▶ [Prompt]: Find the line containing "X83446222Y-59203500D01*" in the records below. Copy exactly that line and each one after it, ending at the line containing "X81234806Y-49022299D01*", and nothing more.
--- Exercise material Enclosed Below ---
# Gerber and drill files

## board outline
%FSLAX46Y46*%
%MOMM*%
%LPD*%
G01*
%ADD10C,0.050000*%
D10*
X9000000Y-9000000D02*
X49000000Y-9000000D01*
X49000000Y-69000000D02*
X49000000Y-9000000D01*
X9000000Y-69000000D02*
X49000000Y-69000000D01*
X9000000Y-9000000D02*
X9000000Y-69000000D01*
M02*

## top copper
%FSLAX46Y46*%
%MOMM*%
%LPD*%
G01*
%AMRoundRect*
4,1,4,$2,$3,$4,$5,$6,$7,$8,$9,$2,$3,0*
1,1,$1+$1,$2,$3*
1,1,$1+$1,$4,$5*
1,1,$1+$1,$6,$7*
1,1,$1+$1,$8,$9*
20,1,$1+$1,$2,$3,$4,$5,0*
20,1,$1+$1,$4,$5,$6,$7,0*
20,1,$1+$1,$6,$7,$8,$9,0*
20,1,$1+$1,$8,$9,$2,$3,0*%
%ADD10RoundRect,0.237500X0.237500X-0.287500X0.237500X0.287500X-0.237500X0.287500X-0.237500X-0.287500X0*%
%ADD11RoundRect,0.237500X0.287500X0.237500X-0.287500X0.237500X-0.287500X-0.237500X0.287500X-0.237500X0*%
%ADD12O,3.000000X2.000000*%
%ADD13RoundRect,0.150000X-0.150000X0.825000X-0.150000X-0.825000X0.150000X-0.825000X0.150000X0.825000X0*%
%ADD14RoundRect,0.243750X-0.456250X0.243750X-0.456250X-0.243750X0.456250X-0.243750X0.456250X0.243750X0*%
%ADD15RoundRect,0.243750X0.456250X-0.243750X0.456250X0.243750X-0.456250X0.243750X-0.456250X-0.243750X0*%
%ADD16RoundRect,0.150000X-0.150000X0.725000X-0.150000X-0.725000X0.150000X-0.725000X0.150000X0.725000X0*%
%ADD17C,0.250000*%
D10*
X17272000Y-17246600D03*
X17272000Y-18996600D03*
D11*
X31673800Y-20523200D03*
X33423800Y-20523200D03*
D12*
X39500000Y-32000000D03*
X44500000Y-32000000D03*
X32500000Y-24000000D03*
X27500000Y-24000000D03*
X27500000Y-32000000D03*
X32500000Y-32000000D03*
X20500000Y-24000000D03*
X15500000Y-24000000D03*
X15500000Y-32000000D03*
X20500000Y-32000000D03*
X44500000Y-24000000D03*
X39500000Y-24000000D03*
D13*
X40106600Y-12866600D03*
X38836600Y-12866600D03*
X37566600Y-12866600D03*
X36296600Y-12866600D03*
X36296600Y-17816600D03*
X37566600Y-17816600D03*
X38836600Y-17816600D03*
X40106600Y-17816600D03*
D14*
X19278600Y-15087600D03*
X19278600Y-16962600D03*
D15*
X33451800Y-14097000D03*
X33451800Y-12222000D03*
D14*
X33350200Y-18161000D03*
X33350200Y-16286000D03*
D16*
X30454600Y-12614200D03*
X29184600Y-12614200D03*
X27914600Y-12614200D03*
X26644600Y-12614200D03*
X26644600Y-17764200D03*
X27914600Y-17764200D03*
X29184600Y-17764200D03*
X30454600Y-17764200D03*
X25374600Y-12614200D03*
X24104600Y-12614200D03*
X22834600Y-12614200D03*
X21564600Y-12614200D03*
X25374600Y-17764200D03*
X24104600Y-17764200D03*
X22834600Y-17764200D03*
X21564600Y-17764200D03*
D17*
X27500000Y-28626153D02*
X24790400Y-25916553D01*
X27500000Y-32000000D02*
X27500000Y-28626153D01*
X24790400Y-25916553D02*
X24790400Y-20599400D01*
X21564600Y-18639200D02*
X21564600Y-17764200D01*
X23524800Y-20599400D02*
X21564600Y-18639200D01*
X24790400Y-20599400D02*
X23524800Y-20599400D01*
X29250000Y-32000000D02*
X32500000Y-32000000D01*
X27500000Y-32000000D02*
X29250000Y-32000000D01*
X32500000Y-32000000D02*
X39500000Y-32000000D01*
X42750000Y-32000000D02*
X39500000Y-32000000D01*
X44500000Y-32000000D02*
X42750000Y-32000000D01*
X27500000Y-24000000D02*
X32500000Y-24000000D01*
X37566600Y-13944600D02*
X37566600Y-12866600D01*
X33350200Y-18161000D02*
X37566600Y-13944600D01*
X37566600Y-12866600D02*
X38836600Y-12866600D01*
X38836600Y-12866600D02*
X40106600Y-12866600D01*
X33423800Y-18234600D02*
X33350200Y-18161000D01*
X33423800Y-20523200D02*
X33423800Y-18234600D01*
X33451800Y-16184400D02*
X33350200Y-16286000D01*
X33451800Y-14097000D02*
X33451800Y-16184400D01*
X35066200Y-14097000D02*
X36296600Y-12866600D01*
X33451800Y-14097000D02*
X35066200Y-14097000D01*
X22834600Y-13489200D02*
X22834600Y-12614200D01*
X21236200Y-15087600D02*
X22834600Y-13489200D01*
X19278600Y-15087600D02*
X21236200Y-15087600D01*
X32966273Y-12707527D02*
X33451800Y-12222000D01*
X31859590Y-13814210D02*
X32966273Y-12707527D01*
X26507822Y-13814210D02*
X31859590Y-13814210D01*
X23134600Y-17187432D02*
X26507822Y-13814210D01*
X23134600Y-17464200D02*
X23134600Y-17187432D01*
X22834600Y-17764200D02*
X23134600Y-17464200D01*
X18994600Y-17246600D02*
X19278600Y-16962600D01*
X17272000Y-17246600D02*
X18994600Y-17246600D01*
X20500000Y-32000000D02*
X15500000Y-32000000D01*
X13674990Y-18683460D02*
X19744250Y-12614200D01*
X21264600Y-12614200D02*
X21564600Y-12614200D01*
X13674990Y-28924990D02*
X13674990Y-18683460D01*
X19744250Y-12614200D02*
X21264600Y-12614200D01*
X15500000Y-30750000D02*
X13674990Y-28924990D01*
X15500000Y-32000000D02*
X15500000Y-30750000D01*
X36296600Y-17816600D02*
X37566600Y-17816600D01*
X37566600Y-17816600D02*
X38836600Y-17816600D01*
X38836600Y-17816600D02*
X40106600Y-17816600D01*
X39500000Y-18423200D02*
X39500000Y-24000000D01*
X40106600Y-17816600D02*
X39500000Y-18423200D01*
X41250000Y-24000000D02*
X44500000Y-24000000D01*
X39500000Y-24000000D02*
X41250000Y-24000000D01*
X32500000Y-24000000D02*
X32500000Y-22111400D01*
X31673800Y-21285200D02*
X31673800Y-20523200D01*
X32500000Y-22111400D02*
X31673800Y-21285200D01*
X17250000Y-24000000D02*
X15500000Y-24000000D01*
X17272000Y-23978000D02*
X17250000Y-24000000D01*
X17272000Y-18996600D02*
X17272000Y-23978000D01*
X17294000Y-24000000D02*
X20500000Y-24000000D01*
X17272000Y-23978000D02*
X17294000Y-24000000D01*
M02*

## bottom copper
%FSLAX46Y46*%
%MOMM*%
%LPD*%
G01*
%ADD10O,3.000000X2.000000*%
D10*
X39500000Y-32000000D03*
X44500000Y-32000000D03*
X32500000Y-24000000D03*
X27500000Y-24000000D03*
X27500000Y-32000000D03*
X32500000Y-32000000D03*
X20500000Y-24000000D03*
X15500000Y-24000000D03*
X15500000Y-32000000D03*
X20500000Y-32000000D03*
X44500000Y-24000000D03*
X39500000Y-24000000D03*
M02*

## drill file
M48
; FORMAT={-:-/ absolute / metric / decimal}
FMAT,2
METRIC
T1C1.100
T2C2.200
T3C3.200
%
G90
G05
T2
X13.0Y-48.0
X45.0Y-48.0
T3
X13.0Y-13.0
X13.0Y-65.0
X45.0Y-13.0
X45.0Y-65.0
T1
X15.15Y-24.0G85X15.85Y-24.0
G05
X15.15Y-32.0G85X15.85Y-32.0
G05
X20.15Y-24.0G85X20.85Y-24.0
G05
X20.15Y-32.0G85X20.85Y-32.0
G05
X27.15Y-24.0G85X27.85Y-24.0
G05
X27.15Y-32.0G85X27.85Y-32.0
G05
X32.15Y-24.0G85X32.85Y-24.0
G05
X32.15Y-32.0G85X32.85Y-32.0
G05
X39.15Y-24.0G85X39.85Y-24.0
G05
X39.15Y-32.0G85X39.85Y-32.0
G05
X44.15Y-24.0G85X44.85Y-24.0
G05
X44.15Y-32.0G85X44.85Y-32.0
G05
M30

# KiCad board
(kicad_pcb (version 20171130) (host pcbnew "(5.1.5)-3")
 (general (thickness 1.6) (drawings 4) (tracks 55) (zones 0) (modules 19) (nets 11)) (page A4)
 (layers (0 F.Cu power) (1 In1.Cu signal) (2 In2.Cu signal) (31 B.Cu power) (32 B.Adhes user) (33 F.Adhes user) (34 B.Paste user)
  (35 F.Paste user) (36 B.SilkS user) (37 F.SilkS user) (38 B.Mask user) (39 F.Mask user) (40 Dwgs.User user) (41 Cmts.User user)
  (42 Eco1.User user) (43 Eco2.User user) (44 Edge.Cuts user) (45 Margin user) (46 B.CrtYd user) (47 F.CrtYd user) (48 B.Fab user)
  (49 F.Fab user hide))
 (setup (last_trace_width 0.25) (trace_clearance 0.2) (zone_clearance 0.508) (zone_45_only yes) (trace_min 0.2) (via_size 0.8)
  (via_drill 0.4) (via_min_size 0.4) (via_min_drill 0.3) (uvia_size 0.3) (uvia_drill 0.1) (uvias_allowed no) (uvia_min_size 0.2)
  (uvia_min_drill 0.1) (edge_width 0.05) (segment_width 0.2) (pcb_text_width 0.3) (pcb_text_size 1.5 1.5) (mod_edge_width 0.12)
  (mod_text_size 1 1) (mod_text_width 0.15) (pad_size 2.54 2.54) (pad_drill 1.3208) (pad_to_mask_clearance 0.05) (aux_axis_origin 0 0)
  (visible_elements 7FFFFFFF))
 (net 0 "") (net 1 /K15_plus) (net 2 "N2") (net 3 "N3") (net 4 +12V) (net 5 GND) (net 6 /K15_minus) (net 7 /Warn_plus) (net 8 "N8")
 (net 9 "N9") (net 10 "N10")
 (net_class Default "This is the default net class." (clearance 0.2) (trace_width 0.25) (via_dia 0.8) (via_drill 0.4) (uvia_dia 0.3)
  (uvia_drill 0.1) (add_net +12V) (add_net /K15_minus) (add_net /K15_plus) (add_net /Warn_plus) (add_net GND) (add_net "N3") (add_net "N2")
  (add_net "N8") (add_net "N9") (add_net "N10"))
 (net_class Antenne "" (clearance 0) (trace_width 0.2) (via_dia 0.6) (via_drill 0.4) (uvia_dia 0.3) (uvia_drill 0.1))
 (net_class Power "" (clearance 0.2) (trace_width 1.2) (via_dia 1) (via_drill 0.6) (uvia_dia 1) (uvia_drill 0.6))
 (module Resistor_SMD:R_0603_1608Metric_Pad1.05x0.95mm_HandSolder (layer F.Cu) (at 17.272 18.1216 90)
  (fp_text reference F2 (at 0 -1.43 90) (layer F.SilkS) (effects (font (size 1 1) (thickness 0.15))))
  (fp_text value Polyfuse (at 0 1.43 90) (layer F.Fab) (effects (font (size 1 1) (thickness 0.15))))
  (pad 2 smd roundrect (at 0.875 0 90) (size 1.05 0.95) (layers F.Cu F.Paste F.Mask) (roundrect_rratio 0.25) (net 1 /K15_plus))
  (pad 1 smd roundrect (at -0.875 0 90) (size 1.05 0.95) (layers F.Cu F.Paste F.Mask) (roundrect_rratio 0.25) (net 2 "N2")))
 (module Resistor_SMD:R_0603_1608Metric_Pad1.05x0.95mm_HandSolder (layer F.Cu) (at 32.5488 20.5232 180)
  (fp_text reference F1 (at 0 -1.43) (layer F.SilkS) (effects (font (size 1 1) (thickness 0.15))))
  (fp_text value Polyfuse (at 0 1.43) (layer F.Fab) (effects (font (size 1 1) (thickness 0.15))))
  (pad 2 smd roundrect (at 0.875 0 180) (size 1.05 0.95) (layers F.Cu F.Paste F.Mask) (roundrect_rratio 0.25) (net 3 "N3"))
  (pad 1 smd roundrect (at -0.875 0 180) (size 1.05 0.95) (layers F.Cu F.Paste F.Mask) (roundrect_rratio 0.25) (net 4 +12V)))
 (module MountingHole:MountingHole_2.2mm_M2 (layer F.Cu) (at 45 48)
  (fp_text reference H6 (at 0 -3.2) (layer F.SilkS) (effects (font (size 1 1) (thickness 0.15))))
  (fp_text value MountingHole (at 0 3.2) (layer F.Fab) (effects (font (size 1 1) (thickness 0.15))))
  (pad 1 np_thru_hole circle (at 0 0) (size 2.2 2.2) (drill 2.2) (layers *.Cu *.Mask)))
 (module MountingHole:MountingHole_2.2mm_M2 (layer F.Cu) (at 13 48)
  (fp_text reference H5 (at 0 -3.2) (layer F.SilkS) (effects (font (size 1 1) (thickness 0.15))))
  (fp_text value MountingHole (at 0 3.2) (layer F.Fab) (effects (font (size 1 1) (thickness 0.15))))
--- End of Enclosed Exercise material ---
--- Exercise material Enclosed Below ---
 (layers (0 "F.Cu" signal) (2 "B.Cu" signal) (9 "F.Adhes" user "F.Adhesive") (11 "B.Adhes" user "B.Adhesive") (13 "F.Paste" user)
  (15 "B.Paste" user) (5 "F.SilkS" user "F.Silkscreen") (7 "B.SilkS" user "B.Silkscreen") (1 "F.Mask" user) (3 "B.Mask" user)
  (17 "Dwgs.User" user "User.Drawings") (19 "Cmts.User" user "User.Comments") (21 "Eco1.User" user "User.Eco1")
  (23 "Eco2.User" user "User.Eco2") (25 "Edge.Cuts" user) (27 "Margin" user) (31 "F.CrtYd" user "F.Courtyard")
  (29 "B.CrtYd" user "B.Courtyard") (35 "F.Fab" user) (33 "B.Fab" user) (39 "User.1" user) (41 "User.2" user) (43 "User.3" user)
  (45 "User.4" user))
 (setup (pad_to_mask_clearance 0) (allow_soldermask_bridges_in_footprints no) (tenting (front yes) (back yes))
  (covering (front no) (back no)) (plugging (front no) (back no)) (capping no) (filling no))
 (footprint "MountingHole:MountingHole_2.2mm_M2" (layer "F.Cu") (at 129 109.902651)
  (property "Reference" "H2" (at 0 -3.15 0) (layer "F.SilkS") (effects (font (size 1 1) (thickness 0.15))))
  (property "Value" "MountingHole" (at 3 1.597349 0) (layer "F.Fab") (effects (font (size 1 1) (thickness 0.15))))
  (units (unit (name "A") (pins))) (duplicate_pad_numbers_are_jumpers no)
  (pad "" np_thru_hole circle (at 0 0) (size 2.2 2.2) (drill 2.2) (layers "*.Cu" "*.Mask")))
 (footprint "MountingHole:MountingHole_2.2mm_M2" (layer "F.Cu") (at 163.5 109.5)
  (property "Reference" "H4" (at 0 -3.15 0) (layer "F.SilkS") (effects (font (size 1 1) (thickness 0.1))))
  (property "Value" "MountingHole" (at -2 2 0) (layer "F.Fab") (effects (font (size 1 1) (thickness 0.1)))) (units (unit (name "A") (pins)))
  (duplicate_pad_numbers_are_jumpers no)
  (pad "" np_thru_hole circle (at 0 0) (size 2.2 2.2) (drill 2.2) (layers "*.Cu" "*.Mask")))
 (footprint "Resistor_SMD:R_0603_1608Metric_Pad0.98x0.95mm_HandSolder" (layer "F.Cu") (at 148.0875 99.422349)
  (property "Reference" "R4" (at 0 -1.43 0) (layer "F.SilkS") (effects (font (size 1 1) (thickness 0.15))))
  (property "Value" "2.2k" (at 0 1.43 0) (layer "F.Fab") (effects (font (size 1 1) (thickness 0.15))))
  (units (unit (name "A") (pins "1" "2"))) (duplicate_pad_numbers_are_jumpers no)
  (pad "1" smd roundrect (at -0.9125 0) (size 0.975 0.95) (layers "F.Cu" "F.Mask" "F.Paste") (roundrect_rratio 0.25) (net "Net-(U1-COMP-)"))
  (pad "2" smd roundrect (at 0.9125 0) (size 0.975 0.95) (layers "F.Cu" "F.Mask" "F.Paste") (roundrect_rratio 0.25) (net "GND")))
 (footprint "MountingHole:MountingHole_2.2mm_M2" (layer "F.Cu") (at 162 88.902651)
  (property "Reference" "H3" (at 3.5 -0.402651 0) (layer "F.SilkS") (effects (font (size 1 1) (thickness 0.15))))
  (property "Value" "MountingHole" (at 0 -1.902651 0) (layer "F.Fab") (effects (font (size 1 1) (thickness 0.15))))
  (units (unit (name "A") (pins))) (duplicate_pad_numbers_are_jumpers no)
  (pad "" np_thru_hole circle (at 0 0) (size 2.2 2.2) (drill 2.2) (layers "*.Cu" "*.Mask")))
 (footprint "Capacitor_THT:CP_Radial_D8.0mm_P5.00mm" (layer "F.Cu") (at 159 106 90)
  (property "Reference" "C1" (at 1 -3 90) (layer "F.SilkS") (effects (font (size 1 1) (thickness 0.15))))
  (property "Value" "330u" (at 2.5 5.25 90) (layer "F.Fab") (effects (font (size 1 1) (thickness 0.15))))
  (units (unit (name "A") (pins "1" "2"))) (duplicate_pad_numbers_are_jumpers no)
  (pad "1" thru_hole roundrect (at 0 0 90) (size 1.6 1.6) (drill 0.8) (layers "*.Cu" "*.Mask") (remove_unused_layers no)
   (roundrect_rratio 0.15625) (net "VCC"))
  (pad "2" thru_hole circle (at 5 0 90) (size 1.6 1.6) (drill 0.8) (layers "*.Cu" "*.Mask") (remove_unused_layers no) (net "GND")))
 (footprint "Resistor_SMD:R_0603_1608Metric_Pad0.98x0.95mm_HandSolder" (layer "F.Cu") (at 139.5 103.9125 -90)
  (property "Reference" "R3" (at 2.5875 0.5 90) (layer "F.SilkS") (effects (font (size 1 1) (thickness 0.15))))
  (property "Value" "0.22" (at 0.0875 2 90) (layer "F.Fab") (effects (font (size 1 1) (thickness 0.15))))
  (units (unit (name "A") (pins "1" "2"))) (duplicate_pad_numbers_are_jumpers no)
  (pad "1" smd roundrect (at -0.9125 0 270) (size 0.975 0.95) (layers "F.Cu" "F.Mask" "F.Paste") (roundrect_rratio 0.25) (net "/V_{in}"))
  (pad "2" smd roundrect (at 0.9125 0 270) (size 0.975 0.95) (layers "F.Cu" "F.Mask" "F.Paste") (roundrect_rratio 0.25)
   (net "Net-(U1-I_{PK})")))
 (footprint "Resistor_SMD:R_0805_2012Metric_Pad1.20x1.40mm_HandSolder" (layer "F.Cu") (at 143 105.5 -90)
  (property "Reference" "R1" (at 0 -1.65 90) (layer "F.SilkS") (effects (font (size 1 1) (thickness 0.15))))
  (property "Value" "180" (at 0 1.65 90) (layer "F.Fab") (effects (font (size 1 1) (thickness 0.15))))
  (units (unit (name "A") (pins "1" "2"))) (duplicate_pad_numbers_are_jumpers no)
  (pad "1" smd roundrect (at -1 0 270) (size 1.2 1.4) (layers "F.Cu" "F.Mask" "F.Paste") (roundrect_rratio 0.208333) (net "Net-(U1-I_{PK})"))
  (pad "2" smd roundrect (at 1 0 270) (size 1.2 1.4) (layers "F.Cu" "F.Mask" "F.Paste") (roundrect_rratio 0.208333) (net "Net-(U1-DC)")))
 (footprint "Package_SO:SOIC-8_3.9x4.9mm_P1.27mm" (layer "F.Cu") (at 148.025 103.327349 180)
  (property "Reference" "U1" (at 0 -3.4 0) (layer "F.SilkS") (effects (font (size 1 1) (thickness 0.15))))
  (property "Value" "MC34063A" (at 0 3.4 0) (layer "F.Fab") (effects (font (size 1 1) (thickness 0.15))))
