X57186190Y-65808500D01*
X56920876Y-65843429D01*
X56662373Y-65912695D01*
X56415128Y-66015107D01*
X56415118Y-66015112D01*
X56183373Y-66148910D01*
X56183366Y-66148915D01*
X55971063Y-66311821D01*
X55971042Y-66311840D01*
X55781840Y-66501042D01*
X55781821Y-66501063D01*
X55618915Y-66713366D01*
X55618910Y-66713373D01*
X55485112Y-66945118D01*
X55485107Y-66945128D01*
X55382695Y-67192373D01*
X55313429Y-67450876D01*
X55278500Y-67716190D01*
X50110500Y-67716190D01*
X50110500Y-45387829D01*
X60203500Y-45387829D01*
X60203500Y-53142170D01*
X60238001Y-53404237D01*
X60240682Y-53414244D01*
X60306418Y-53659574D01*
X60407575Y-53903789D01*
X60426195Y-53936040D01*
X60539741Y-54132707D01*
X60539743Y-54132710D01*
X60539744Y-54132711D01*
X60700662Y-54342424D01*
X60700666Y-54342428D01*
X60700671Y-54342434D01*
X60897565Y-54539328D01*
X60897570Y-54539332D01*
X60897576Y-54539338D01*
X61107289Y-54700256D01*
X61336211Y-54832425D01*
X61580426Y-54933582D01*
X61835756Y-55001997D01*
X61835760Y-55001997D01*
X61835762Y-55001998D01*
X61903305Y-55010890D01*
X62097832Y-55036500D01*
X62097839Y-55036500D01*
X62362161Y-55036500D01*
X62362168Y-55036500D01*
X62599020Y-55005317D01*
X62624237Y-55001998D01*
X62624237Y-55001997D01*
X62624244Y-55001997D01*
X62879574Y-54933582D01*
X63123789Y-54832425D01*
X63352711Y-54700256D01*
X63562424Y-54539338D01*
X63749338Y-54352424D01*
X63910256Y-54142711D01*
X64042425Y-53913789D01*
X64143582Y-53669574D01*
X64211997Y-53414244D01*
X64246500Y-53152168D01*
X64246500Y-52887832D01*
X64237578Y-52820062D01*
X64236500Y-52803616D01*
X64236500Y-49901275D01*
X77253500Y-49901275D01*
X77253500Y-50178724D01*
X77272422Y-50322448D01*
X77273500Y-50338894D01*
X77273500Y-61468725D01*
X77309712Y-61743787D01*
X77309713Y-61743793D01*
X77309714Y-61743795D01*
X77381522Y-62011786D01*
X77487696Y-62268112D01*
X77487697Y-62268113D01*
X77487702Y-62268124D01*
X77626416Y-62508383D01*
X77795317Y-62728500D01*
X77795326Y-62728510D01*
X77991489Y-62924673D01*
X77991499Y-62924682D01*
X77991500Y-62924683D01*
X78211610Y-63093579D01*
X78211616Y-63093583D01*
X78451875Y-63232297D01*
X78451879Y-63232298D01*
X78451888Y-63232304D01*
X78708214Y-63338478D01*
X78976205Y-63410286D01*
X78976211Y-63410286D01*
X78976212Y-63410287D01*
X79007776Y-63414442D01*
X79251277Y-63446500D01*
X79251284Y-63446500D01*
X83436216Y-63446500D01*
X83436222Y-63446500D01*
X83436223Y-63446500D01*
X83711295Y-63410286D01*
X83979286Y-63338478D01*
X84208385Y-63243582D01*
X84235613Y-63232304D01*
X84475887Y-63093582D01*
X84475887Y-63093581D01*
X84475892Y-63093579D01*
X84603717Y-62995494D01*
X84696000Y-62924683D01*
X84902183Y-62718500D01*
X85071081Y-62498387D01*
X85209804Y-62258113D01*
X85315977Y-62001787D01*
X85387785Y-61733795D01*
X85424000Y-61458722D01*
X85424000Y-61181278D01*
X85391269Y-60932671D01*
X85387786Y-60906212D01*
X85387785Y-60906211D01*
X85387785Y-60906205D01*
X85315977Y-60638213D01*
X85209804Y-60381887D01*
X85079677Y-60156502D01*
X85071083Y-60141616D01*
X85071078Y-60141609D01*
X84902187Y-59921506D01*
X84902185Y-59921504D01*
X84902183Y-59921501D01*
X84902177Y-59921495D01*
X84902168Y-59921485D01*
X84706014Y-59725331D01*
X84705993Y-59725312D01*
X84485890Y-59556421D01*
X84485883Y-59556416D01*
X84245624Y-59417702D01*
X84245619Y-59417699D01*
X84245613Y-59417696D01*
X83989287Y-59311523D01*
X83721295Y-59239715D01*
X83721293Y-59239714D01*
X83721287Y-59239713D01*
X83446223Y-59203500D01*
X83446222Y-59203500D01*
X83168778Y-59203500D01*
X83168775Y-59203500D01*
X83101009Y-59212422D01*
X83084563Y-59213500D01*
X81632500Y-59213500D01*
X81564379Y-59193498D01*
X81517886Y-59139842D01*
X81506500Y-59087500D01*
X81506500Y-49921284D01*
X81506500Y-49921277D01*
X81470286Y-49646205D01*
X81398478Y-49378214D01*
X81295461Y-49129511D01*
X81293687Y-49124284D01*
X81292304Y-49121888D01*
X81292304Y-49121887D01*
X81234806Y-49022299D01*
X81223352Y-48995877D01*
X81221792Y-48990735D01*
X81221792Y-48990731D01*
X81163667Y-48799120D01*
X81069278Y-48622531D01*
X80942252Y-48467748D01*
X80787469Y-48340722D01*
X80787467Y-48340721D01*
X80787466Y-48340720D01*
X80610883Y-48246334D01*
--- End of Enclosed Exercise material ---
▶ [Exercise result]:
X83446222Y-59203500D01*
X83168778Y-59203500D01*
X83168775Y-59203500D01*
X83101009Y-59212422D01*
X83084563Y-59213500D01*
X81632500Y-59213500D01*
X81564379Y-59193498D01*
X81517886Y-59139842D01*
X81506500Y-59087500D01*
X81506500Y-49921284D01*
X81506500Y-49921277D01*
X81470286Y-49646205D01*
X81398478Y-49378214D01*
X81295461Y-49129511D01*
X81293687Y-49124284D01*
X81292304Y-49121888D01*
X81292304Y-49121887D01*
X81234806Y-49022299D01*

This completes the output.